9.  Other requirements necessary to protect the health, safety, and well-being of the child, to preserve the stability of the child's educational placement, and to promote family preservation or reunification whenever possible.

(e)  If the court finds that the prevention or reunification efforts of the department will allow the child to remain safely at home or be safely returned to the home, the court shall allow the child to remain in or return to the home after making a specific finding of fact that the reasons for removal have been remedied to the extent that the child's safety, well-being, and physical, mental, and emotional health will not be endangered.

(f)  If the court places the child in an out-of-home placement, the disposition order must include a written determination that the child cannot safely remain at home with reunification or family preservation services and that removal of the child is necessary to protect the child. If the child has been removed before the disposition hearing, the order must also include a written determination as to whether, after removal, the department has made a reasonable effort to reunify the parent and child, if reasonable efforts are required. Reasonable efforts to reunify are not required if the court has found that any of the acts listed in s. 39.806(1)(f)-(i) have occurred. The department has the burden of demonstrating that it has made reasonable efforts under this paragraph.

1.  For the purposes of this paragraph, the term "reasonable effort" means the exercise of reasonable diligence and care by the department to provide the services ordered by the court or delineated in the case plan.

2.  In support of its determination as to whether reasonable efforts have been made, the court shall:

a.  Enter written findings as to whether or not prevention or reunification efforts were indicated.

b.  If prevention or reunification efforts were indicated, include a brief written description of what appropriate and available prevention and reunification efforts were made.

c.  Indicate in writing why further efforts could or could not have prevented or shortened the separation of the parent and child.

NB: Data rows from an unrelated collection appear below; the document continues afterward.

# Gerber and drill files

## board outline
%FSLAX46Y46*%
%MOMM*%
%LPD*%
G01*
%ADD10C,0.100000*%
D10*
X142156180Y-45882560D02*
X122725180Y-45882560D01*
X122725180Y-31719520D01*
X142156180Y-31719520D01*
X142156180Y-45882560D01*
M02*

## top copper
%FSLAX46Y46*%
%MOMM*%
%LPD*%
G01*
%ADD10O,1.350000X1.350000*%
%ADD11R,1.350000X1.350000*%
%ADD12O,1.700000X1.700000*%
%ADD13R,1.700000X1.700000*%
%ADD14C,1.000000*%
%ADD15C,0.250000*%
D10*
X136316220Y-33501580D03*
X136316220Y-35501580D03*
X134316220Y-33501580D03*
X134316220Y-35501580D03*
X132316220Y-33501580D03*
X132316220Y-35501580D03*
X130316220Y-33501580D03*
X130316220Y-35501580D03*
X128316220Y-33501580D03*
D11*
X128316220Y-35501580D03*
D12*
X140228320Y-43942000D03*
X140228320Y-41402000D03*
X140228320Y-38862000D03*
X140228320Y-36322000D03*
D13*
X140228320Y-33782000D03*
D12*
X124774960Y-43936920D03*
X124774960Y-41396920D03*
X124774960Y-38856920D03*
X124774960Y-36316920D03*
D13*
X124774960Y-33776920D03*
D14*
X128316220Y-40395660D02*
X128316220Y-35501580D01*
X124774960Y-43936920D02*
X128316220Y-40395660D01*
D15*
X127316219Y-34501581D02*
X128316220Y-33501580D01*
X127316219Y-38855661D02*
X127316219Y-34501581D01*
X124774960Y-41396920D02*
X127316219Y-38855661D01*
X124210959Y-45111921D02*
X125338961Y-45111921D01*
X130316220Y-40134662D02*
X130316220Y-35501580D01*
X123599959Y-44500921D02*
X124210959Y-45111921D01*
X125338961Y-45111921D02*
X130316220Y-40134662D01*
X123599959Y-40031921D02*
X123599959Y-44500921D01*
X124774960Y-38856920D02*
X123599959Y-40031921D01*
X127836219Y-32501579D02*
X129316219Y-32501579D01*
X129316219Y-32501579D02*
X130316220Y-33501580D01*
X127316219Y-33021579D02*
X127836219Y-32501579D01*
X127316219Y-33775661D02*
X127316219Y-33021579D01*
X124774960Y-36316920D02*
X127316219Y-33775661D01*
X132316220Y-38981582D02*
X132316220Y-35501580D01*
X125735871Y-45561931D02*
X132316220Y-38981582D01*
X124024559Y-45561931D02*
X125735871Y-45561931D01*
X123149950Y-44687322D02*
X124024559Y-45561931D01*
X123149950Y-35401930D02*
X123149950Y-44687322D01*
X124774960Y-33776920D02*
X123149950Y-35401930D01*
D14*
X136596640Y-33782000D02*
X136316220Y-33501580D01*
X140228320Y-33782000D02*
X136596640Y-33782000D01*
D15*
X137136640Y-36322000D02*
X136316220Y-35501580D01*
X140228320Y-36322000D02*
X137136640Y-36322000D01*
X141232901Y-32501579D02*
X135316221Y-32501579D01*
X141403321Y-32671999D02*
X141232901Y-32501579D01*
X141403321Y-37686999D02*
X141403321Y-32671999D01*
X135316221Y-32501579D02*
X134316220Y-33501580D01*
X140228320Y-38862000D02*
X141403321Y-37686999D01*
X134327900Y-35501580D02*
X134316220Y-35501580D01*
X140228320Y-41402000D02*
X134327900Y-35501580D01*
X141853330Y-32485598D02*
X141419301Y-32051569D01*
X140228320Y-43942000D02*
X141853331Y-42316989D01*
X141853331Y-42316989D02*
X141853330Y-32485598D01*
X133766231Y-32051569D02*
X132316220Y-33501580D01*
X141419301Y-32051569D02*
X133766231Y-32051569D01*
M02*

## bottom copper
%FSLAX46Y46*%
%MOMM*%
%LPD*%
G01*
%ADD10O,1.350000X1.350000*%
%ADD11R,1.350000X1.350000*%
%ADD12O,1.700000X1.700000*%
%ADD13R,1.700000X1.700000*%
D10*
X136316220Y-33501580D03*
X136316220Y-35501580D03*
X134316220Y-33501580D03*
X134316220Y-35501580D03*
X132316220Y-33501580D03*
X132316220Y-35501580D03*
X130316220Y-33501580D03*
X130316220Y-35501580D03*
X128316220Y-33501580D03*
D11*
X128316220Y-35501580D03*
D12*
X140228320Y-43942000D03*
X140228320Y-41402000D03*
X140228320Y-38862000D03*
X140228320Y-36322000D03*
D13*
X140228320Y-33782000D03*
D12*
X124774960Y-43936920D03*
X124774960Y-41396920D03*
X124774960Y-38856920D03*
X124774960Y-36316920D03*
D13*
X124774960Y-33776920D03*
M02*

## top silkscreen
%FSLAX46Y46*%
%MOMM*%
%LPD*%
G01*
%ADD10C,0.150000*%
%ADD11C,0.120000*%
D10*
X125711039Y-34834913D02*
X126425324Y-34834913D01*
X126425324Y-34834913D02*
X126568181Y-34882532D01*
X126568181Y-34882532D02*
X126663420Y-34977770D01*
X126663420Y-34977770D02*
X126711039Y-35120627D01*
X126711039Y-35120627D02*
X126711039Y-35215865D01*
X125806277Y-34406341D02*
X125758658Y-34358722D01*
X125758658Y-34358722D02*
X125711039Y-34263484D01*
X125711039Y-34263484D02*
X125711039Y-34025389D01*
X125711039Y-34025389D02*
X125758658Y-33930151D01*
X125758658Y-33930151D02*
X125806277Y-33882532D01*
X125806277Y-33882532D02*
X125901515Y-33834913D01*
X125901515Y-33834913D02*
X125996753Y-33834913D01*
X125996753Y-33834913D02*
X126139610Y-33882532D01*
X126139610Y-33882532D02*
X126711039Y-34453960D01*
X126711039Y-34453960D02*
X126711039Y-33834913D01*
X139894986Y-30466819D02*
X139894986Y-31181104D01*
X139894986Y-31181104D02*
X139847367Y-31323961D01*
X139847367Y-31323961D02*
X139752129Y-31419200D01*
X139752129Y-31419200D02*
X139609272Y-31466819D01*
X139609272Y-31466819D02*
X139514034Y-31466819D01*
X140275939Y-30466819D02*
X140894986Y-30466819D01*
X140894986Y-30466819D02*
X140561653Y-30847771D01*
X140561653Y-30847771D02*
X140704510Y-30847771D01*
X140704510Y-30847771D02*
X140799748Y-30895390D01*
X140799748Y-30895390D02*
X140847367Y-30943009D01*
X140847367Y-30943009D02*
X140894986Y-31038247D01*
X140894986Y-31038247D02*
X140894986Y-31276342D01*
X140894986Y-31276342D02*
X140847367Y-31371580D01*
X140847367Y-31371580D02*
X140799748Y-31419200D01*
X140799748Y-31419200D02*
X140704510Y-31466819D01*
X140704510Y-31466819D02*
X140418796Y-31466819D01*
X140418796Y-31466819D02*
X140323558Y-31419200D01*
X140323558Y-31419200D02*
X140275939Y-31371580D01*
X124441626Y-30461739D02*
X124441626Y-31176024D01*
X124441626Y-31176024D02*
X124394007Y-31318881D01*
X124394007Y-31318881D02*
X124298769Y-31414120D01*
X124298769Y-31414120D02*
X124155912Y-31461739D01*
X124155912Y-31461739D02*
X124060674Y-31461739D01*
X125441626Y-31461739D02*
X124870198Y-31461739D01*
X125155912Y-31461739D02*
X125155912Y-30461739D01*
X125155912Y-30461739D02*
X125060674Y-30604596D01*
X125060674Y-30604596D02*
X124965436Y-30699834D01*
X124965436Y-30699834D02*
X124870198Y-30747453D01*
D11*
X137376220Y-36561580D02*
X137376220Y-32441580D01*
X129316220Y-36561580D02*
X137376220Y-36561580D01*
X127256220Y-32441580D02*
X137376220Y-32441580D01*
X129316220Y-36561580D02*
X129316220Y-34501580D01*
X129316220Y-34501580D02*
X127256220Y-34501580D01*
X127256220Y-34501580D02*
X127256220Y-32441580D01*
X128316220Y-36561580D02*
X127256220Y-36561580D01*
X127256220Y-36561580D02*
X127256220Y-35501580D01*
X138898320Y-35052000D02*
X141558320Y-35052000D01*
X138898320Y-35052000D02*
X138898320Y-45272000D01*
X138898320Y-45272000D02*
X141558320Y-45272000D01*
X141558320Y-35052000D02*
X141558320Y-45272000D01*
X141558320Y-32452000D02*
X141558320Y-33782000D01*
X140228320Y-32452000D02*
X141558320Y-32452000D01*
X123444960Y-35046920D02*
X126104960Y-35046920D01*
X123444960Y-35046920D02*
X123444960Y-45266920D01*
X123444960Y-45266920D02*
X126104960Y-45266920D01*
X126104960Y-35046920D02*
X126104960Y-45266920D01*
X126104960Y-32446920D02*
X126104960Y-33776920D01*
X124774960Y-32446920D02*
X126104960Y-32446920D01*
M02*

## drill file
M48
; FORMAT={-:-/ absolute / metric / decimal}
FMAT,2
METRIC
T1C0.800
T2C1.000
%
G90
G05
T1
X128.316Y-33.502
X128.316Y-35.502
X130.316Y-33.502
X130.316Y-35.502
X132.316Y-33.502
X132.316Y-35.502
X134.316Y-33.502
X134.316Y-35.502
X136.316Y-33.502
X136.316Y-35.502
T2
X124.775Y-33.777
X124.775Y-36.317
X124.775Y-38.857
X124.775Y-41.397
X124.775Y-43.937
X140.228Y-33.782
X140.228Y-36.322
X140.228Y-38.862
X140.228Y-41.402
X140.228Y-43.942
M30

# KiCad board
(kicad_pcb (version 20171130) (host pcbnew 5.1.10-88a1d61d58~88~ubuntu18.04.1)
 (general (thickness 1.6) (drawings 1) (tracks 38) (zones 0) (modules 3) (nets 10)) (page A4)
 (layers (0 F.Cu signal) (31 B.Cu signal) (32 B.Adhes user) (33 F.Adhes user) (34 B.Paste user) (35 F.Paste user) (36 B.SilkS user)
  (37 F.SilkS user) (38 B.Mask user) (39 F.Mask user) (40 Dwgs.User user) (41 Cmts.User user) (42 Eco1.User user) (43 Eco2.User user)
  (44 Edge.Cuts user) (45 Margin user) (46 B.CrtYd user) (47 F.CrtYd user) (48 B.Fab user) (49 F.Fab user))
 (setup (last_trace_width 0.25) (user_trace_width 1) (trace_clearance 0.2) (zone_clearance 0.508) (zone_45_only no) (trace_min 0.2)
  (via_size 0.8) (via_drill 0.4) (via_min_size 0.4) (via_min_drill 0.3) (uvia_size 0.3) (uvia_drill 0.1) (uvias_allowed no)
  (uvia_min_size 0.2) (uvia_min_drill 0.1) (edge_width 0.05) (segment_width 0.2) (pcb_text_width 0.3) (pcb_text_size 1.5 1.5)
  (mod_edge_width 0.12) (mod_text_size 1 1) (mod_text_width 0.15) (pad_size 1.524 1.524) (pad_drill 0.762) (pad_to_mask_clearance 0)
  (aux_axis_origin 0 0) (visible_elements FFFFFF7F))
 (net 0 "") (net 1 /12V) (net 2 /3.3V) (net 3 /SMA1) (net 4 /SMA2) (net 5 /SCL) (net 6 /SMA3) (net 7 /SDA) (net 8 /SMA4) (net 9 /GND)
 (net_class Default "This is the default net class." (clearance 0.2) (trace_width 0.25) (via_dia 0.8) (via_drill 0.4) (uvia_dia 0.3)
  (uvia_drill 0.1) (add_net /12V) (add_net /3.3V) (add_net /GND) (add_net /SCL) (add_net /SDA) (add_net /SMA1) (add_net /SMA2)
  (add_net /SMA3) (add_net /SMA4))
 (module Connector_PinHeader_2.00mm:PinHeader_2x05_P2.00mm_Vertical (layer F.Cu) (at 128.31622 35.50158 90)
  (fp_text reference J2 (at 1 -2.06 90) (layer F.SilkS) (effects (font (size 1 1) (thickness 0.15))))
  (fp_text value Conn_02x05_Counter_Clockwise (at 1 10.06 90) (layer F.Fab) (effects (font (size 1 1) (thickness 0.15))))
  (fp_line (start -1.06 9.06) (end 3.06 9.06) (layer F.SilkS) (width 0.12))
  (fp_line (start -1.06 1) (end -1.06 9.06) (layer F.SilkS) (width 0.12))
  (fp_line (start 3.06 -1.06) (end 3.06 9.06) (layer F.SilkS) (width 0.12))
  (fp_line (start -1.06 1) (end 1 1) (layer F.SilkS) (width 0.12))
  (fp_line (start 1 1) (end 1 -1.06) (layer F.SilkS) (width 0.12))
  (fp_line (start 1 -1.06) (end 3.06 -1.06) (layer F.SilkS) (width 0.12))
  (fp_line (start -1.06 0) (end -1.06 -1.06) (layer F.SilkS) (width 0.12))
  (fp_line (start -1.06 -1.06) (end 0 -1.06) (layer F.SilkS) (width 0.12))
  (pad 10 thru_hole oval (at 2 8 90) (size 1.35 1.35) (drill 0.8) (layers *.Cu *.Mask) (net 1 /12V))
  (pad 9 thru_hole oval (at 0 8 90) (size 1.35 1.35) (drill 0.8) (layers *.Cu *.Mask) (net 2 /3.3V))
  (pad 8 thru_hole oval (at 2 6 90) (size 1.35 1.35) (drill 0.8) (layers *.Cu *.Mask) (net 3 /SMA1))
  (pad 7 thru_hole oval (at 0 6 90) (size 1.35 1.35) (drill 0.8) (layers *.Cu *.Mask) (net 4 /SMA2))
  (pad 6 thru_hole oval (at 2 4 90) (size 1.35 1.35) (drill 0.8) (layers *.Cu *.Mask) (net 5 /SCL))
  (pad 5 thru_hole oval (at 0 4 90) (size 1.35 1.35) (drill 0.8) (layers *.Cu *.Mask) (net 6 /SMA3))
  (pad 4 thru_hole oval (at 2 2 90) (size 1.35 1.35) (drill 0.8) (layers *.Cu *.Mask) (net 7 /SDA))
  (pad 3 thru_hole oval (at 0 2 90) (size 1.35 1.35) (drill 0.8) (layers *.Cu *.Mask) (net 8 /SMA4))
  (pad 2 thru_hole oval (at 2 0 90) (size 1.35 1.35) (drill 0.8) (layers *.Cu *.Mask) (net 8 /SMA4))
  (pad 1 thru_hole rect (at 0 0 90) (size 1.35 1.35) (drill 0.8) (layers *.Cu *.Mask) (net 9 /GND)))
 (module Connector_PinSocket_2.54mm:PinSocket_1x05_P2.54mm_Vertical (layer F.Cu) (at 140.22832 33.782)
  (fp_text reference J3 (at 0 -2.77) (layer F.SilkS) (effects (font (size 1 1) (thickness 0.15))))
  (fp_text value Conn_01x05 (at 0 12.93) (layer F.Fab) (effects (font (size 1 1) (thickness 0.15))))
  (fp_line (start -1.33 1.27) (end 1.33 1.27) (layer F.SilkS) (width 0.12))
  (fp_line (start -1.33 1.27) (end -1.33 11.49) (layer F.SilkS) (width 0.12))
  (fp_line (start -1.33 11.49) (end 1.33 11.49) (layer F.SilkS) (width 0.12))
  (fp_line (start 1.33 1.27) (end 1.33 11.49) (layer F.SilkS) (width 0.12))
  (fp_line (start 1.33 -1.33) (end 1.33 0) (layer F.SilkS) (width 0.12))
  (fp_line (start 0 -1.33) (end 1.33 -1.33) (layer F.SilkS) (width 0.12))
  (pad 5 thru_hole oval (at 0 10.16) (size 1.7 1.7) (drill 1) (layers *.Cu *.Mask) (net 5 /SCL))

3.  A court may find that the department has made a reasonable effort to prevent or eliminate the need for removal if:

a.  The first contact of the department with the family occurs during an emergency;

b.  The appraisal by the department of the home situation indicates that it presents a substantial and immediate danger to the child's safety or physical, mental, or emotional health which cannot be mitigated by the provision of preventive services;

c.  The child cannot safely remain at home, either because there are no preventive services that can ensure the health and safety of the child or, even with appropriate and available services being provided, the health and safety of the child cannot be ensured; or

d.  The parent is alleged to have committed any of the acts listed as grounds for expedited termination of parental rights in s. 39.806(1)(f)-(i).

4.  A reasonable effort by the department for reunification of the parent and child has been made if the appraisal of the home situation by the department indicates that the severity of the conditions of dependency is such that reunification efforts are inappropriate. The department has the burden of demonstrating to the court that reunification efforts were inappropriate.

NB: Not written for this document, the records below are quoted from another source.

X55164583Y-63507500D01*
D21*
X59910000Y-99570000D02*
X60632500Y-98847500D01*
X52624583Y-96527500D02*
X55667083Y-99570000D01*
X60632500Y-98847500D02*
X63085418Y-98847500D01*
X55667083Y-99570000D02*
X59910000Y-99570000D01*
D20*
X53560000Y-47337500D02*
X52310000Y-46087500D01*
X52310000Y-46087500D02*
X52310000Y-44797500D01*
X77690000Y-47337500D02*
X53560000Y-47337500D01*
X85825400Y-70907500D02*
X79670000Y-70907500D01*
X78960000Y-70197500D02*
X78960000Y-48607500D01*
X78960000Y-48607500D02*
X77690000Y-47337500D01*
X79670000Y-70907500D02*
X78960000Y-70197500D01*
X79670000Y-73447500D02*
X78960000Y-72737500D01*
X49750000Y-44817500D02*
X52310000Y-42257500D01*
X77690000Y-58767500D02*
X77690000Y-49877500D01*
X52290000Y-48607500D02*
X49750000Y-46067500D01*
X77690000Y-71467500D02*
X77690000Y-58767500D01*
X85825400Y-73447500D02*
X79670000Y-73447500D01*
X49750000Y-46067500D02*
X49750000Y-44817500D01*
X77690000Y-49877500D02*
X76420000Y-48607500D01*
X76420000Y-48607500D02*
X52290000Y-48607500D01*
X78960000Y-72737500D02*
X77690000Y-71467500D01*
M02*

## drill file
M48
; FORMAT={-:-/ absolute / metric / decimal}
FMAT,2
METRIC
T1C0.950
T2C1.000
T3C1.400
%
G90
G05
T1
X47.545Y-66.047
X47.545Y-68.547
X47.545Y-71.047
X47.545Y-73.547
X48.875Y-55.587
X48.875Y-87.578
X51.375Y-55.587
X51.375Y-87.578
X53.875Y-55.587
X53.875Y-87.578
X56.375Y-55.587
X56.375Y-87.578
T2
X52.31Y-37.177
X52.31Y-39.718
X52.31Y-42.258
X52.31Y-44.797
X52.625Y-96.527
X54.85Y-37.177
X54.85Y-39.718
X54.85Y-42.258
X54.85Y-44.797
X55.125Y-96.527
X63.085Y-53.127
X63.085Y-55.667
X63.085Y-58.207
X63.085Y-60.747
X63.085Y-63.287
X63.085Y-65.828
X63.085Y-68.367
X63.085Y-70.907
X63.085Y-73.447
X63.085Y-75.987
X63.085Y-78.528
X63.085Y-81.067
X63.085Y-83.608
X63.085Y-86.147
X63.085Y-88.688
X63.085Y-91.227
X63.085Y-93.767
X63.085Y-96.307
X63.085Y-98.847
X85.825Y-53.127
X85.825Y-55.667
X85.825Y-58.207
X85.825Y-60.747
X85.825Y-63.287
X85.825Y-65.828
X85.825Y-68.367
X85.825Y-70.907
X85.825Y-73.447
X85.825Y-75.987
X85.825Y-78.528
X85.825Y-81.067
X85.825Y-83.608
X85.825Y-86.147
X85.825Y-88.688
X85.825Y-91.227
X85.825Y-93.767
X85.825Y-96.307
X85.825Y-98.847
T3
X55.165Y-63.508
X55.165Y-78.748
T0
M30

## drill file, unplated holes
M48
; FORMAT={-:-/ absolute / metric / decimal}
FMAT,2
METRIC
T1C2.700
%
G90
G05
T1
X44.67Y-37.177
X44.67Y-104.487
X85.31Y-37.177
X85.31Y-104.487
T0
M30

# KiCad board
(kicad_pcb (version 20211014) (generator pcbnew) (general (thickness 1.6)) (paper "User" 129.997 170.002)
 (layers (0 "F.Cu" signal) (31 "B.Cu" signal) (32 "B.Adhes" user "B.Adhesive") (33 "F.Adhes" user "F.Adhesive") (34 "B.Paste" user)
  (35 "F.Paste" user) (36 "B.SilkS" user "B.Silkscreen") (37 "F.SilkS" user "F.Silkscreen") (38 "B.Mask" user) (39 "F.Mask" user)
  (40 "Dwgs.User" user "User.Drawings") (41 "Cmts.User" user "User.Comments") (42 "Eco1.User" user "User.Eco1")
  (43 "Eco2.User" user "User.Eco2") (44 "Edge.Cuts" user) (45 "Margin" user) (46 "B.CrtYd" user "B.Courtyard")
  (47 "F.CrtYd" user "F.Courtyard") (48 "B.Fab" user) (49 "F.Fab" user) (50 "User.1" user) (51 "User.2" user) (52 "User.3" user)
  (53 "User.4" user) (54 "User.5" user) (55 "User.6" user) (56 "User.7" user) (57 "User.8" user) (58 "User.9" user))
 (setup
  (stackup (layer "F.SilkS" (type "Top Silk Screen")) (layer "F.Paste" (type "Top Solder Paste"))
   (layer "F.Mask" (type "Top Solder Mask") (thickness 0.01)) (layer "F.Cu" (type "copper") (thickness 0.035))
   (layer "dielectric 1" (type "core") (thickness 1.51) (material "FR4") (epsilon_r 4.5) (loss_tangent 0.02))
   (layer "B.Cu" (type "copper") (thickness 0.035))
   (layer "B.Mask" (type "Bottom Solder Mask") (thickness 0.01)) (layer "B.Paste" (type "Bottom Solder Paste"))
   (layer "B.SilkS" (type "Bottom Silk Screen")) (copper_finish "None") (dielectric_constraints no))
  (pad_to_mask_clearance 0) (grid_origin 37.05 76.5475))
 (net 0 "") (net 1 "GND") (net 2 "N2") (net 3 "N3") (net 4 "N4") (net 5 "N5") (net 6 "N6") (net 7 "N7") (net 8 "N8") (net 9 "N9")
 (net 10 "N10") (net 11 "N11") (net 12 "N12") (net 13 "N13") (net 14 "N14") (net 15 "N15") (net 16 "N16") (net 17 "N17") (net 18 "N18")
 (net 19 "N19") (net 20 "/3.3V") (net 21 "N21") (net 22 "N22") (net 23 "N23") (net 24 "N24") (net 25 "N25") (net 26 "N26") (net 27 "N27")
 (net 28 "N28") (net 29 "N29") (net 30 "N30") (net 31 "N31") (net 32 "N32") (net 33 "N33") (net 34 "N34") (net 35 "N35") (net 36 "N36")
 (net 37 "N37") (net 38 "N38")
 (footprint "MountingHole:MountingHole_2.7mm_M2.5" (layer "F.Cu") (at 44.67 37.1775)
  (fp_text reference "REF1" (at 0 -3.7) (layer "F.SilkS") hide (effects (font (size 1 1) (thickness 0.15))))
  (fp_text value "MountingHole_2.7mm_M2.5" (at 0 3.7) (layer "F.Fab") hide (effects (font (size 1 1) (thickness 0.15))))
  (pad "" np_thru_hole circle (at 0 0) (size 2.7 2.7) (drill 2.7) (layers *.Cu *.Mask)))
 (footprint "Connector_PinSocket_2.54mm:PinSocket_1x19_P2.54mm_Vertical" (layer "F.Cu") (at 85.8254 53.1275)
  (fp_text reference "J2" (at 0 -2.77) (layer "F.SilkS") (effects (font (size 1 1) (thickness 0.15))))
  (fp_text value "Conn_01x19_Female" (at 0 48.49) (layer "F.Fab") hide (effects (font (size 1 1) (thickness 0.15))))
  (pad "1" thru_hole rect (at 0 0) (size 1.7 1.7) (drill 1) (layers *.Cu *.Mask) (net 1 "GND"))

5.  If the court finds that the prevention or reunification effort of the department would not have permitted the child to remain safely at home, the court may commit the child to the temporary legal custody of the department or take any other action authorized by this chapter.

(2)  The predisposition study must provide the court with the following documented information:

(a)  The capacity and disposition of the parents to provide the child with food, clothing, medical care, or other remedial care recognized and permitted under the laws of this state in lieu of medical care, and other material needs.

(b)  The length of time the child has lived in a stable, satisfactory environment and the desirability of maintaining continuity.

(c)  The mental and physical health of the parents.

(d)  The home, school, and community record of the child.

(e)  The reasonable preference of the child, if the court deems the child to be of sufficient intelligence, understanding, and experience to express a preference.

(f)  Evidence of domestic violence or child abuse.

(g)  An assessment defining the dangers and risks of returning the child home, including a description of the changes in and resolutions to the initial risks.

(h)  A description of what risks are still present and what resources are available and will be provided for the protection and safety of the child.

(i)  A description of the benefits of returning the child home.

(j)  A description of all unresolved issues.

(k)  A Florida Abuse Hotline Information System (FAHIS) history and criminal records check for all caregivers, family members, and individuals residing within the household from which the child was removed.

(l)  The complete report and recommendation of the child protection team of the Department of Health or, if no report exists, a statement reflecting that no report has been made.

(m)  All opinions or recommendations from other professionals or agencies that provide evaluative, social, reunification, or other services to the parent and child.

(n)  A listing of appropriate and available prevention and reunification services for the parent and child to prevent the removal of the child from the home or to reunify the child with the parent after removal, including the availability of family preservation services and an explanation of the following:

1.  If the services were or were not provided.

2.  If the services were provided, the outcome of the services.

3.  If the services were not provided, why they were not provided.

4.  If the services are currently being provided and if they need to be continued.

(o)  A listing of other prevention and reunification services that were available but determined to be inappropriate and why.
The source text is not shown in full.